# Egr



## nebojsa (Jan 3, 2011)

One of the problems that comes with a diesel is a clogged EGR. At least that was a problem that i had when i had my 1998 VW TDI and i think that is a common problem.

Some people removed the EGR ,some had it cleaned i did at 90.000 km then used the VAG-COM to reprogram the the engine parameters so that it would take forever to clogh.

I never had a issue with the EGR after that.To the Chevy cruze diesel owners around the world do you have issues with the EGR ?

Thanks.


----------



## titanman2789 (Oct 27, 2013)

I think these cars are too new to have any egr problems yet. 

Sent from AutoGuide.com Free App


----------



## GotDiesel? (Sep 9, 2013)

A true Chip Tune will Dial back the EGR as well as addressing other issues also doing a CCV Mod will address that problem as well. I had a TDI as well and very well versed with this issues . I wish we can get some sort of Vag-Com for this car so we could make changes like on a VW TDI.


----------



## diesel (Jun 8, 2013)

45K miles on mine - no issues to report.


----------



## KpaxFAQ (Sep 1, 2013)

diesel said:


> 45K miles on mine - no issues to report.


Far too soon to have any, plus your type of long haul driving is optimal to prevent problems in the longer term with no modifications. You're not producing much soot running highway and a engine at full temperature. Guys like me running around town are who are at the most risk for an EGR system full of oil and soot!  I'm curious how many miles you put on your DPF before any issues. A tdiclub member put 267k on their original DPF in a CR before replacement. They drove almost all highway obviously to put that many miles on in only a few years. Off the top of my head I want to say it cost them $2200 at the dealer to have a new one put on. That's reasonable to me if it lasts that long! 
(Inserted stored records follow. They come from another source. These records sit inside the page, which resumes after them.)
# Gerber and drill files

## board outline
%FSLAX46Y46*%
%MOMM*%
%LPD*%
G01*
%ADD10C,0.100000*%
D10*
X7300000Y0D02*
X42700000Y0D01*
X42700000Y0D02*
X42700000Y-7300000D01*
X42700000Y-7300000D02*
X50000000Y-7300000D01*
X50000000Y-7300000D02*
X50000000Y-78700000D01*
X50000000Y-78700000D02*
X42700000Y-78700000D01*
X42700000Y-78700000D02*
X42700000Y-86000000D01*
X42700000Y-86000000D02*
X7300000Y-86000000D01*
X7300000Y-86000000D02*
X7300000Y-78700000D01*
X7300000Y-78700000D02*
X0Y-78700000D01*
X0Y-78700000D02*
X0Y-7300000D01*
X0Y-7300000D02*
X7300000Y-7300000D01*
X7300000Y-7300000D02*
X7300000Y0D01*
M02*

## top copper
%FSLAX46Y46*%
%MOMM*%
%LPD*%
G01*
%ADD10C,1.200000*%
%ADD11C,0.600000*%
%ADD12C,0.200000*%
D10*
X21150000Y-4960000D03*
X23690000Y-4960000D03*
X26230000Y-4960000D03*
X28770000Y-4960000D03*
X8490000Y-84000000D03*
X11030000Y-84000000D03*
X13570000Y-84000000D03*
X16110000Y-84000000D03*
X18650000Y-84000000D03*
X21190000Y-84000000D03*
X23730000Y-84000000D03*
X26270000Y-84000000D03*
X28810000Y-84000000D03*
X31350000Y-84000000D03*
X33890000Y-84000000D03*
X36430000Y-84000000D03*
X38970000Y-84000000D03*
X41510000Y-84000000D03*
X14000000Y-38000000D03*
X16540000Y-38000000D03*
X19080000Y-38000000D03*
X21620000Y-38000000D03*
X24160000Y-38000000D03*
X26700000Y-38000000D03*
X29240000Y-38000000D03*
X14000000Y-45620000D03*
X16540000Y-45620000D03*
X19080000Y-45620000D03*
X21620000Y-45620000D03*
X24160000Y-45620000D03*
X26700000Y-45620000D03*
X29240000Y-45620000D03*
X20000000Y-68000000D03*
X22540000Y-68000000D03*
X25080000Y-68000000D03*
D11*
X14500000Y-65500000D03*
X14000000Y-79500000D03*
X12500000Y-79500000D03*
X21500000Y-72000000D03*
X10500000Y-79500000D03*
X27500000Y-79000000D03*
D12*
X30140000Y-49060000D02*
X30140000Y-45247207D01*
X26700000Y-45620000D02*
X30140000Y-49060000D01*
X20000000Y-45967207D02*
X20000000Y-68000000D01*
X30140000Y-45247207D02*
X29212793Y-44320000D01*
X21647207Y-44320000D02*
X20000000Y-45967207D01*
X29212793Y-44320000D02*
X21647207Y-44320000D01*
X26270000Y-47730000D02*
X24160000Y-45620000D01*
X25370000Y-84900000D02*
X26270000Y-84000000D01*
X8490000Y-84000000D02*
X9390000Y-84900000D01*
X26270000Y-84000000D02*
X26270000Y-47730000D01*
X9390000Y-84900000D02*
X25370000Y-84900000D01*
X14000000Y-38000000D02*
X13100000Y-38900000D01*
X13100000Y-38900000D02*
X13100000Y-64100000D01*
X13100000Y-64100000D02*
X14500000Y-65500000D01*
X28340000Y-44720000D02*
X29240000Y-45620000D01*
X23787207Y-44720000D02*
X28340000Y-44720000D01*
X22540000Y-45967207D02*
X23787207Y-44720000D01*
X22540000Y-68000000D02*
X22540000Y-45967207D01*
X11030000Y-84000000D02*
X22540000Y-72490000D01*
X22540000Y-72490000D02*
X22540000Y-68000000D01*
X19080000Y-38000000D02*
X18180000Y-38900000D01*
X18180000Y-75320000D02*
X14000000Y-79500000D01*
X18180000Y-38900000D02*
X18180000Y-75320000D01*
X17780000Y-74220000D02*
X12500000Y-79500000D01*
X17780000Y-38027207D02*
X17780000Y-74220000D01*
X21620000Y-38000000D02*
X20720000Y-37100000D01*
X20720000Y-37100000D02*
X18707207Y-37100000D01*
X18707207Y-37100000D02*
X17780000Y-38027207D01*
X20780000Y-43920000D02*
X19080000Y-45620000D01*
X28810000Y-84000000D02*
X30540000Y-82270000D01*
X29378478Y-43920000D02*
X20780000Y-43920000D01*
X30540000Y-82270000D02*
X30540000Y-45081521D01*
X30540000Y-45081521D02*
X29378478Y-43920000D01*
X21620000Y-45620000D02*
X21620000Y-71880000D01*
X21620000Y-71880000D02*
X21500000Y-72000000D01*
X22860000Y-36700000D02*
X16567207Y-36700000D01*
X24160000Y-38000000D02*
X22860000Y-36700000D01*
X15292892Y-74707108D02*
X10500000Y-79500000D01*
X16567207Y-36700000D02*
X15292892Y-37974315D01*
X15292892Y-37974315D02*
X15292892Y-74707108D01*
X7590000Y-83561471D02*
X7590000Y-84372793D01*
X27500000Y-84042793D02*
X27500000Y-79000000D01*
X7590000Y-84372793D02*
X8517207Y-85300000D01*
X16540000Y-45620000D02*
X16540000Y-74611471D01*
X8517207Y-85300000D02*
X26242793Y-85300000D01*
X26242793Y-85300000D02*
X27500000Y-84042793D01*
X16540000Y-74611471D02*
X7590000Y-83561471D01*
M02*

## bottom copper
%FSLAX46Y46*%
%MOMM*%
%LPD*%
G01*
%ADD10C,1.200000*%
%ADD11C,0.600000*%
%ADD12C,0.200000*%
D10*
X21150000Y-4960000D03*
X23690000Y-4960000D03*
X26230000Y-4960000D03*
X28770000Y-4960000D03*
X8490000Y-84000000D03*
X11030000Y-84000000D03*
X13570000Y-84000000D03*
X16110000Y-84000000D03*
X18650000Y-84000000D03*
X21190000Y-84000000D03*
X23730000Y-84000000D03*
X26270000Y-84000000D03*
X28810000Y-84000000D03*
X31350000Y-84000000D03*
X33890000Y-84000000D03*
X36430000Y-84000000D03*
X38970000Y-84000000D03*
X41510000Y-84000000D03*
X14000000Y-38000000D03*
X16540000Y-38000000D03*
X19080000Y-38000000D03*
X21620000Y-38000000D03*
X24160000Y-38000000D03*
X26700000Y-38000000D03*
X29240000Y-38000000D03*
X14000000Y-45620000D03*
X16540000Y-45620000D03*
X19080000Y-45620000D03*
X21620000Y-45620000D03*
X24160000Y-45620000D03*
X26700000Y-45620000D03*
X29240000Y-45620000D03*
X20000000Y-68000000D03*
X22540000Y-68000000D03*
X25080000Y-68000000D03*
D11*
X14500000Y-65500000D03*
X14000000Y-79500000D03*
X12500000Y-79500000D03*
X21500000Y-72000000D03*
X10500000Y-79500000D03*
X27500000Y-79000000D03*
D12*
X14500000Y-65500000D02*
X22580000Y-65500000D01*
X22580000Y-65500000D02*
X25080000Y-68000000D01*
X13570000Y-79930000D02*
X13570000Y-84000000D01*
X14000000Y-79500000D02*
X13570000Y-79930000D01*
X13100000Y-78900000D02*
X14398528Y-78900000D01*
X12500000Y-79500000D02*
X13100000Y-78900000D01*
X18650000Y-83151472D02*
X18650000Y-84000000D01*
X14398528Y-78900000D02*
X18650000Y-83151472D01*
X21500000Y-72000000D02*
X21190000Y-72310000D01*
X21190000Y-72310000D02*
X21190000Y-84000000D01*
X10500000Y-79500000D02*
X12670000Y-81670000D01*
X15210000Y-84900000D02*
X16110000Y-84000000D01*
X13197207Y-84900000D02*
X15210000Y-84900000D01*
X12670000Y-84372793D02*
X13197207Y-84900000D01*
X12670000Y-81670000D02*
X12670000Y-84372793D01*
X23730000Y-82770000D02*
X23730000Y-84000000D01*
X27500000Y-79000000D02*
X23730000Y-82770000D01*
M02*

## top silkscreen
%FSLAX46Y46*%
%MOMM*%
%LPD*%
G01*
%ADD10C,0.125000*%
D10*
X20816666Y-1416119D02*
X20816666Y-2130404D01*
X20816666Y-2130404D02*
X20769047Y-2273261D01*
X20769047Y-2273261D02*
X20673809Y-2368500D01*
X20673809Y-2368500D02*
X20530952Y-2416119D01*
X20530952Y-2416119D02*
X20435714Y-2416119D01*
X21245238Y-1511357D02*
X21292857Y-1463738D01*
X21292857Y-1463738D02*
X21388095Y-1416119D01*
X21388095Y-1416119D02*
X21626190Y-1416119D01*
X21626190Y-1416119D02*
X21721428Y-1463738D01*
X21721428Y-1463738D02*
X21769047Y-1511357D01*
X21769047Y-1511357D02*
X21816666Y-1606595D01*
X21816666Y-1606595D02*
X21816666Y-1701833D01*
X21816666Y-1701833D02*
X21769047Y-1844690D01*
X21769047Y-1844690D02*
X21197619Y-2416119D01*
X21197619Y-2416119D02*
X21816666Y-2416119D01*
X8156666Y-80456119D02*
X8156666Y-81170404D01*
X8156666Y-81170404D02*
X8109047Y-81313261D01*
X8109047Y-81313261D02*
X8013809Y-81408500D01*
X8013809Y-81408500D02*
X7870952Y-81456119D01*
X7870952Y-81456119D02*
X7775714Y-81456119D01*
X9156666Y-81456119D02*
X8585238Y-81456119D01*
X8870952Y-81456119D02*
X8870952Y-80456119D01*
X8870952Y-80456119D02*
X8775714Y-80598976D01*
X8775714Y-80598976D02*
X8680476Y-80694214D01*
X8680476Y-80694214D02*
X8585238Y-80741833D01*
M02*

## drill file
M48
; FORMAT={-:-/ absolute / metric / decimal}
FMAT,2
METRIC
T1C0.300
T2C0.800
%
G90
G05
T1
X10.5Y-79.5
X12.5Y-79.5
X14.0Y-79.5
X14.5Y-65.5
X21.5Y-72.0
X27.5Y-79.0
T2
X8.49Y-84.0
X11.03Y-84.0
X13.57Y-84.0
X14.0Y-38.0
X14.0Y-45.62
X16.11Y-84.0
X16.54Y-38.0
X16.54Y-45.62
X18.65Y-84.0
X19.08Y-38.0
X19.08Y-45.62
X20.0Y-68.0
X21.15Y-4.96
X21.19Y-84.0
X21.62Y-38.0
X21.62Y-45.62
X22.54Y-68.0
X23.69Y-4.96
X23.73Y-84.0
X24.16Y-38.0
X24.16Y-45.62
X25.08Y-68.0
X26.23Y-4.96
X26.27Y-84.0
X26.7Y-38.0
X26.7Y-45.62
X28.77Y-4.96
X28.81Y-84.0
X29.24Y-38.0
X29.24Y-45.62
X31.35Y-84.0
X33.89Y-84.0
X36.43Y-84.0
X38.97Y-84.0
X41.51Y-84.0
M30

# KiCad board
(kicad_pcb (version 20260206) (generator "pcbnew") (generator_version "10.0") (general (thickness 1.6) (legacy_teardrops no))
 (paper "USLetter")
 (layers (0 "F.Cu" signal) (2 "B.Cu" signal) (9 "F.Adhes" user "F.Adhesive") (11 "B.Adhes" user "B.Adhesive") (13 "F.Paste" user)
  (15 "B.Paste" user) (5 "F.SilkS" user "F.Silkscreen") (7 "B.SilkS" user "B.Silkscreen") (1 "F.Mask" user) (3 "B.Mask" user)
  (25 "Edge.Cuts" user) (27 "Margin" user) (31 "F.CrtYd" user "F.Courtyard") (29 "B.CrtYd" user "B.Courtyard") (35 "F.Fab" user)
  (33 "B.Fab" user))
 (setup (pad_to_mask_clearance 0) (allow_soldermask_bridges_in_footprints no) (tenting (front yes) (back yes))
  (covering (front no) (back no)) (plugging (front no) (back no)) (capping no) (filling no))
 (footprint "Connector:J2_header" (layer "F.Cu") (at 21.15 4.96)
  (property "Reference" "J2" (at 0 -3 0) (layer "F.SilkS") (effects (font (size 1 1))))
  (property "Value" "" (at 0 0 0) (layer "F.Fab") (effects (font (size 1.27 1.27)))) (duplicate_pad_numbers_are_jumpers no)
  (pad "1" thru_hole circle (at 0 0) (size 1.2 1.2) (drill 0.8) (layers "*.Cu" "*.Mask") (remove_unused_layers no))
  (pad "2" thru_hole circle (at 2.54 0) (size 1.2 1.2) (drill 0.8) (layers "*.Cu" "*.Mask") (remove_unused_layers no))
  (pad "3" thru_hole circle (at 5.08 0) (size 1.2 1.2) (drill 0.8) (layers "*.Cu" "*.Mask") (remove_unused_layers no))
  (pad "4" thru_hole circle (at 7.62 0) (size 1.2 1.2) (drill 0.8) (layers "*.Cu" "*.Mask") (remove_unused_layers no)))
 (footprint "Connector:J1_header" (layer "F.Cu") (at 8.49 84)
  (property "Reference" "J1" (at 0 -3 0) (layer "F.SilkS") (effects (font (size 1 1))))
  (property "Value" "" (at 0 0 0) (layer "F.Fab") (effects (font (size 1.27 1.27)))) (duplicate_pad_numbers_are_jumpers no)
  (pad "1" thru_hole circle (at 0 0) (size 1.2 1.2) (drill 0.8) (layers "*.Cu" "*.Mask") (remove_unused_layers no) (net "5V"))
  (pad "2" thru_hole circle (at 2.54 0) (size 1.2 1.2) (drill 0.8) (layers "*.Cu" "*.Mask") (remove_unused_layers no) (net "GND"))
  (pad "3" thru_hole circle (at 5.08 0) (size 1.2 1.2) (drill 0.8) (layers "*.Cu" "*.Mask") (remove_unused_layers no) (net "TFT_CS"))
  (pad "4" thru_hole circle (at 7.62 0) (size 1.2 1.2) (drill 0.8) (layers "*.Cu" "*.Mask") (remove_unused_layers no) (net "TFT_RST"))
  (pad "5" thru_hole circle (at 10.16 0) (size 1.2 1.2) (drill 0.8) (layers "*.Cu" "*.Mask") (remove_unused_layers no) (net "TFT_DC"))
  (pad "6" thru_hole circle (at 12.7 0) (size 1.2 1.2) (drill 0.8) (layers "*.Cu" "*.Mask") (remove_unused_layers no) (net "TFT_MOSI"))
  (pad "7" thru_hole circle (at 15.24 0) (size 1.2 1.2) (drill 0.8) (layers "*.Cu" "*.Mask") (remove_unused_layers no) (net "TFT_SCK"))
The CCV mod ought to be pretty simple just like on a VW, we'd just have to make sure we route it in a way that it won't freeze up in the winter.


----------



## DieselMan33 (Oct 13, 2013)

I am sure I would be one of the first to have problems. I drive 80% city so we will see.


----------



## grs1961 (Oct 23, 2012)

Well, it's not the same diesel here, mines at 73000 km (say 45000 US miles) of mostly city driving, with no sign of EGR problems.


----------



## warloc (Dec 10, 2013)

I could be wrong but I don't believe the CDT uses an EGR valve, that is the other smog system. That is why you don't have to run DEF in your VW's. My buddy just bought a new motorhome with Max Force diesel engine that runs an EGR system so no DEF needed on that rig either.


----------



## PanJet (Jun 18, 2013)

warloc said:


> I could be wrong but I don't believe the CDT uses an EGR valve, that is the other smog system. That is why you don't have to run DEF in your VW's. My buddy just bought a new motorhome with Max Force diesel engine that runs an EGR system so no DEF needed on that rig either.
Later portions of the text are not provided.